Figure 8.

PARP inhibitor resistance induces genomic instability and chromosomic rearrangements in ATM-deficient PDAC cells. (A) Schematic representation of PARPi-resistant Atm^fl/fl; LSL-Kras^G12D/+; Ptf1a^Cre/+ cells (R-AKC) generation. (B) Viability assay analysis of olaparib treatment (PARPi) in Atm^fl/fl; LSL-Kras^G12D/+; Ptf1a^Cre/+ (AKC), R-AKC and, R-AKC cells propagated without olaparib for 32 days (R-AKCw/o). (C) Colony formation assay on AKC and R-AKC cells treated with varying combinations of olaparib. (D) MTT assay-based cell growth of AKC and R-AKC cells (over the course of 7 days). (E) Cell cycle analysis by flow cytometry using DAPI DNA staining of AKC and R-AKC cells. (F) Direct fluorescence staining of DNA by DAPI (white) and (G) quantification of micronuclei in AKC and R-AKC cells. White arrows show micronuclei (M) and cytokinesis bridge (Cy).

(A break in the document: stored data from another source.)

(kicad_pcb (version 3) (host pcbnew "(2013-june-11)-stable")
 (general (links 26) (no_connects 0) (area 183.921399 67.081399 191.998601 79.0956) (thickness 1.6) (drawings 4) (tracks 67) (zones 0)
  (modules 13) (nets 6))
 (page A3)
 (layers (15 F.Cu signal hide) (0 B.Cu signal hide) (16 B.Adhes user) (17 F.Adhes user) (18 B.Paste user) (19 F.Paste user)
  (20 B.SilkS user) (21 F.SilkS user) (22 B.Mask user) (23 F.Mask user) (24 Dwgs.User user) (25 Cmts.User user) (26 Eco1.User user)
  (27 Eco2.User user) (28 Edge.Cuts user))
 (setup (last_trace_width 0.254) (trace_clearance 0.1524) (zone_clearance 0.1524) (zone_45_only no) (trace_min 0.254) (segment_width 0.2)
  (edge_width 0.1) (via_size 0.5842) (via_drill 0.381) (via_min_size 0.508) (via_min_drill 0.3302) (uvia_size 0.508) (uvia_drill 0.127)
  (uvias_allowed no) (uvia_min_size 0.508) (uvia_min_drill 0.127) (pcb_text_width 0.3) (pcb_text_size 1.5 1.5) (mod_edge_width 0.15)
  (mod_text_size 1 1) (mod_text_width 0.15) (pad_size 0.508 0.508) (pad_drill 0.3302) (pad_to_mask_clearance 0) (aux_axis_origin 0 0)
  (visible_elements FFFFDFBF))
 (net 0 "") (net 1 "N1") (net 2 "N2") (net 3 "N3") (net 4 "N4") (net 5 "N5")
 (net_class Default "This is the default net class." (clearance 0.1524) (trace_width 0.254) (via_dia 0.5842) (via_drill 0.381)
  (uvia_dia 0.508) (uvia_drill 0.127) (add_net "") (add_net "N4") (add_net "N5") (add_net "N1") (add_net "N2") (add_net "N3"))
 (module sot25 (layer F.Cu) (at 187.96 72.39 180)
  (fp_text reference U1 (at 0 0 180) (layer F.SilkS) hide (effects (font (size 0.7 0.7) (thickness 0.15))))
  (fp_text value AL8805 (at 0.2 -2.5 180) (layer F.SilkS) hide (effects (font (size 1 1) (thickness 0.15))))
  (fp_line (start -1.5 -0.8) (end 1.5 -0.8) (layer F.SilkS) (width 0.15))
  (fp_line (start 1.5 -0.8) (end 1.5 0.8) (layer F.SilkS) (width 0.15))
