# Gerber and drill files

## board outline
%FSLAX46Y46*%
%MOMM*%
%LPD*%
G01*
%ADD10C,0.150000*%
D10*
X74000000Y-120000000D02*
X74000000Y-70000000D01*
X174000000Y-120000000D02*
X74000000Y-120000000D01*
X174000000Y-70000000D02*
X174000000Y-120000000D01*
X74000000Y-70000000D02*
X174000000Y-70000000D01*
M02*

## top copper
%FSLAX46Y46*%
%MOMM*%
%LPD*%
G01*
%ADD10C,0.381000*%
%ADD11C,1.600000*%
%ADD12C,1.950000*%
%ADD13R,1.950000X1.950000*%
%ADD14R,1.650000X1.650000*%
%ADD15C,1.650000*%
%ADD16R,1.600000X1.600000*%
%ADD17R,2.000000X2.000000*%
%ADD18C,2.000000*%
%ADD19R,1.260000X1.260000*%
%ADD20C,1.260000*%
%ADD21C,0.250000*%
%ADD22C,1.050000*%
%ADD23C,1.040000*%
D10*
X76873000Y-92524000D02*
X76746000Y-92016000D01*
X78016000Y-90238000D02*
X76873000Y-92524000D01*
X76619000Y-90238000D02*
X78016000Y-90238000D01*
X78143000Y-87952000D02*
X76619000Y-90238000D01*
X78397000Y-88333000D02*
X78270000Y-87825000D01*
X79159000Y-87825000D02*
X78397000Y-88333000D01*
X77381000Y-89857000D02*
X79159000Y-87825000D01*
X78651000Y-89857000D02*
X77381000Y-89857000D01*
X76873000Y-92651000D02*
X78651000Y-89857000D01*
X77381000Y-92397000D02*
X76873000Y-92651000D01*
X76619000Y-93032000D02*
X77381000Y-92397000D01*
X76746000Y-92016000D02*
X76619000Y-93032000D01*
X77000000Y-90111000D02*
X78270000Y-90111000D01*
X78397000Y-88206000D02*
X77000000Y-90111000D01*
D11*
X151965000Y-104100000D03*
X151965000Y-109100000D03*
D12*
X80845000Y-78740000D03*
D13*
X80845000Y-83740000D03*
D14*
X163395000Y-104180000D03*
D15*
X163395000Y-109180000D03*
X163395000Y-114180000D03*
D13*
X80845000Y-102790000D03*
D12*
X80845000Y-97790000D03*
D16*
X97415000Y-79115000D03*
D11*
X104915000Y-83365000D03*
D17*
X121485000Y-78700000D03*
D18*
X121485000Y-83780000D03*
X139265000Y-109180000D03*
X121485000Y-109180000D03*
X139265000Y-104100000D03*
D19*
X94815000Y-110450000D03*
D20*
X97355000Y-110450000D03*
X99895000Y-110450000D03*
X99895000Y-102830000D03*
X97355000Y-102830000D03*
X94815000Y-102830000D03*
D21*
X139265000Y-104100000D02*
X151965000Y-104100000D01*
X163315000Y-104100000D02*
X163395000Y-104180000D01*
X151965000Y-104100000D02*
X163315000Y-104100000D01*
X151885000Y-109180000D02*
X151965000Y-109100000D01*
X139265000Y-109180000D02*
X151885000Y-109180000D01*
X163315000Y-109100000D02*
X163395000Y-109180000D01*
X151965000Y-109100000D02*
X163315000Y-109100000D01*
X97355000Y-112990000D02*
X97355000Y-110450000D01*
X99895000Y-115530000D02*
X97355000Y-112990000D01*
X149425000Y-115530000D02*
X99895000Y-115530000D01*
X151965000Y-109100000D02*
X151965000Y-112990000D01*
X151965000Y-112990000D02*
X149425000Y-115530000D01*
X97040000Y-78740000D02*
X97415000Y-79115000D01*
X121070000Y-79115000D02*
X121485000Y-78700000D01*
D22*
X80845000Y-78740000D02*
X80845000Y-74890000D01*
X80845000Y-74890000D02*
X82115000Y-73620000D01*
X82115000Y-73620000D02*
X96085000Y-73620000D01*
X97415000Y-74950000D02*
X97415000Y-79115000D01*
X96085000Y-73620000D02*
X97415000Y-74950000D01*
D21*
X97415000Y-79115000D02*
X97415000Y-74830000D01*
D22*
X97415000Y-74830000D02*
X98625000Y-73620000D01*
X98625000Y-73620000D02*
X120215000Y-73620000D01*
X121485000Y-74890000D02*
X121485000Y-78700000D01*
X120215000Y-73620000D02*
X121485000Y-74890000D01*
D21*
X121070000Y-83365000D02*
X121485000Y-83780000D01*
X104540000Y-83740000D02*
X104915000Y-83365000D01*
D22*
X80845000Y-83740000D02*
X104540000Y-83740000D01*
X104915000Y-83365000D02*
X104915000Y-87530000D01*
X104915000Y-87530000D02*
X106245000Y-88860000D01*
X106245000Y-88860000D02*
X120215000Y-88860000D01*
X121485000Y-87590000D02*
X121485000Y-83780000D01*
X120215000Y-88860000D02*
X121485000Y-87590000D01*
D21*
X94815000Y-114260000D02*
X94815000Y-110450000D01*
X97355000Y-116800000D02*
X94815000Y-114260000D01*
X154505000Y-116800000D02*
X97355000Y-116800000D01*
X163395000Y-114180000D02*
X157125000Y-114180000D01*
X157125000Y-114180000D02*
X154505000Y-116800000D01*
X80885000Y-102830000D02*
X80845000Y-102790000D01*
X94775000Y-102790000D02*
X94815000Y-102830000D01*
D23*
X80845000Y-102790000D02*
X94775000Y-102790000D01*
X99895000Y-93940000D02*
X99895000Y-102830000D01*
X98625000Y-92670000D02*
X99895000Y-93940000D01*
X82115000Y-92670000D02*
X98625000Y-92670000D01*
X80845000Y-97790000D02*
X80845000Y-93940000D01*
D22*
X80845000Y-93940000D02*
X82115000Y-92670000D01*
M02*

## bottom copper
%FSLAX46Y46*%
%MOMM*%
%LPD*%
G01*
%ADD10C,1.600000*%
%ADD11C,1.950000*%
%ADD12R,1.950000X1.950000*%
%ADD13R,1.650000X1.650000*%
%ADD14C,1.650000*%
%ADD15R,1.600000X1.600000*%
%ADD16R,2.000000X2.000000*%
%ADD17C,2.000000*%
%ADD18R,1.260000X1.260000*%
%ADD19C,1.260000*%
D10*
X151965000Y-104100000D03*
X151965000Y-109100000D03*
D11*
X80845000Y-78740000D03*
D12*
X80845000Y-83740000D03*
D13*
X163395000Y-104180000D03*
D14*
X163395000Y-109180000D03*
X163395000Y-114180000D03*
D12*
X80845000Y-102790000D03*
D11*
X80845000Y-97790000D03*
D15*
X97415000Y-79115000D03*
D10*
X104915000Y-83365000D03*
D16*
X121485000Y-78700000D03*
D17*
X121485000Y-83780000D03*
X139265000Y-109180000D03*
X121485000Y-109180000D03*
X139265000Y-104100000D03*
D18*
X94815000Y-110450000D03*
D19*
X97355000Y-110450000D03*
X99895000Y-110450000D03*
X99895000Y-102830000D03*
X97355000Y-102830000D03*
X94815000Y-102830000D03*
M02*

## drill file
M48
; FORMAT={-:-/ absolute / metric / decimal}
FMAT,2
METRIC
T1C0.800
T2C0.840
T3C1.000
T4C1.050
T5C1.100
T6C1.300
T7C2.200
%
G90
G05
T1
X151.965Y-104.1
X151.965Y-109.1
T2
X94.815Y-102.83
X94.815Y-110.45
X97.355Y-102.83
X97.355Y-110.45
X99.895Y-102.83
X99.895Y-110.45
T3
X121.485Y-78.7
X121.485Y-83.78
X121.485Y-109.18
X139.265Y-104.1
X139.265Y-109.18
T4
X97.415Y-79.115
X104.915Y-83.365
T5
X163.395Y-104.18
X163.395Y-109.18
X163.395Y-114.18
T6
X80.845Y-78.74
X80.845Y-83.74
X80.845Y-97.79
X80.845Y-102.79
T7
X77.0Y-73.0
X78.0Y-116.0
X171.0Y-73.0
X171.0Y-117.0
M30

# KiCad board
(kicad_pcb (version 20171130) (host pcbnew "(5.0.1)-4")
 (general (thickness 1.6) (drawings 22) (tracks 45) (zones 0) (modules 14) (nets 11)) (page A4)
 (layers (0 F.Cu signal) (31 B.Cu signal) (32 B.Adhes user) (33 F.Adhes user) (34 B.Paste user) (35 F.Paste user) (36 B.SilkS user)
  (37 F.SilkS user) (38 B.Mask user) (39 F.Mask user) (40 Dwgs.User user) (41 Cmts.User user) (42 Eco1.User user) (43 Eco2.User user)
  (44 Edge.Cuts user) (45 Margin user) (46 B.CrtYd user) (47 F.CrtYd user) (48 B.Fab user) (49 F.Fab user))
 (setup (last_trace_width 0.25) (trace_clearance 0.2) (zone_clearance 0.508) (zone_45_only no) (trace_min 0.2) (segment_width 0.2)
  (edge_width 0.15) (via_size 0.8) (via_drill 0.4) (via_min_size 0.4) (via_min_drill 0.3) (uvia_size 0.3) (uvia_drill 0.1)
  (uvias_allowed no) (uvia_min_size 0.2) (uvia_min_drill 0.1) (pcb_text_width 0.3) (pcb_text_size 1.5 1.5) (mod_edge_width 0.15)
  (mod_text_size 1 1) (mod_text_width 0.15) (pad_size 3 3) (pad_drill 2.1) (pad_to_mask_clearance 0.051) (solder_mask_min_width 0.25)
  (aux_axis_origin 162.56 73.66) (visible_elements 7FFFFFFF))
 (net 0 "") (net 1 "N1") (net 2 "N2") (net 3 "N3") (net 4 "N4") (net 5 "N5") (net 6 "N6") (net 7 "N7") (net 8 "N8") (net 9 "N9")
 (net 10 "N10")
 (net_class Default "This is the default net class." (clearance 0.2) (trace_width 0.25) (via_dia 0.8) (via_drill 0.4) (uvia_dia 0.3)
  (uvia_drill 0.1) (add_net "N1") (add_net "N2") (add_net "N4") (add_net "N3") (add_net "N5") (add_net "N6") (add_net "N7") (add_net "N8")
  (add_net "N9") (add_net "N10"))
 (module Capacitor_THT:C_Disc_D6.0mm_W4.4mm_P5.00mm (layer F.Cu) (at 151.965 104.1 270)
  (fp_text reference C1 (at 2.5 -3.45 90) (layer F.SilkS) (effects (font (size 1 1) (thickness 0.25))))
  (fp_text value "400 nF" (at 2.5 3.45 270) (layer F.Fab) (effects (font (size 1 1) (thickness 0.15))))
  (pad 1 thru_hole circle (at 0 0 270) (size 1.6 1.6) (drill 0.8) (layers *.Cu *.Mask) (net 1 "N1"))
  (pad 2 thru_hole circle (at 5 0 270) (size 1.6 1.6) (drill 0.8) (layers *.Cu *.Mask) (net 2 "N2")))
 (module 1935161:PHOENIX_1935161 (layer F.Cu) (at 80.845 81.24 90)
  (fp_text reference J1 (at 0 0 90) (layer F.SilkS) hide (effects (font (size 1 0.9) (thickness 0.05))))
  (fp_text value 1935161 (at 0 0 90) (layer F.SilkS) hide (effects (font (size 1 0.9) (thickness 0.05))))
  (pad 2 thru_hole circle (at 2.5 0 90) (size 1.95 1.95) (drill 1.3) (layers *.Cu *.Mask) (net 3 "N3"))
  (pad 1 thru_hole rect (at -2.5 0 90) (size 1.95 1.95) (drill 1.3) (layers *.Cu *.Mask) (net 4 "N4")))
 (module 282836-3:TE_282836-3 (layer F.Cu) (at 163.395 109.18 270)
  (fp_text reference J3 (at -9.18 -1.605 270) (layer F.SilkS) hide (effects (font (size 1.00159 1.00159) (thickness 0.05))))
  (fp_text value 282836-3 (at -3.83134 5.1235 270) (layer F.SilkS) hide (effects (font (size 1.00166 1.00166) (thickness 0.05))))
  (pad 1 thru_hole rect (at -5 0 270) (size 1.65 1.65) (drill 1.1) (layers *.Cu *.Mask) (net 1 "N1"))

Scale bars represent 10 µm. (H) Whole exome sequencing-based evaluation of genomic alterations (SNV, single nucleotide variants; Indels, insertions/deletions; CNA, copy number alteration) in R-AKC versus AKC cell lines. (I) Whole exome sequencing-based copy number profiles for a parental AKC (upper panel) and respective R-AKC (lower panel) cell lines. (J) Whole exome sequencing-based copy number profile of the Abcb1 amplicon region for parental AKC and respective R-AKC cell lines. (K) RNA sequencing-based gene expression of six genes located at the Abcb1 amplicon, in R-AKC versus AKC cells. Data show log₂ ratios obtained from three RNA sequencing technical replicates performed on the parental AKC and R-AKC cell lines used in (I). (L) qRT-PCR analysis of drug efflux transporters and (M) xenobiotic detoxification enzymes gene expression in AKC and R-AKC cells.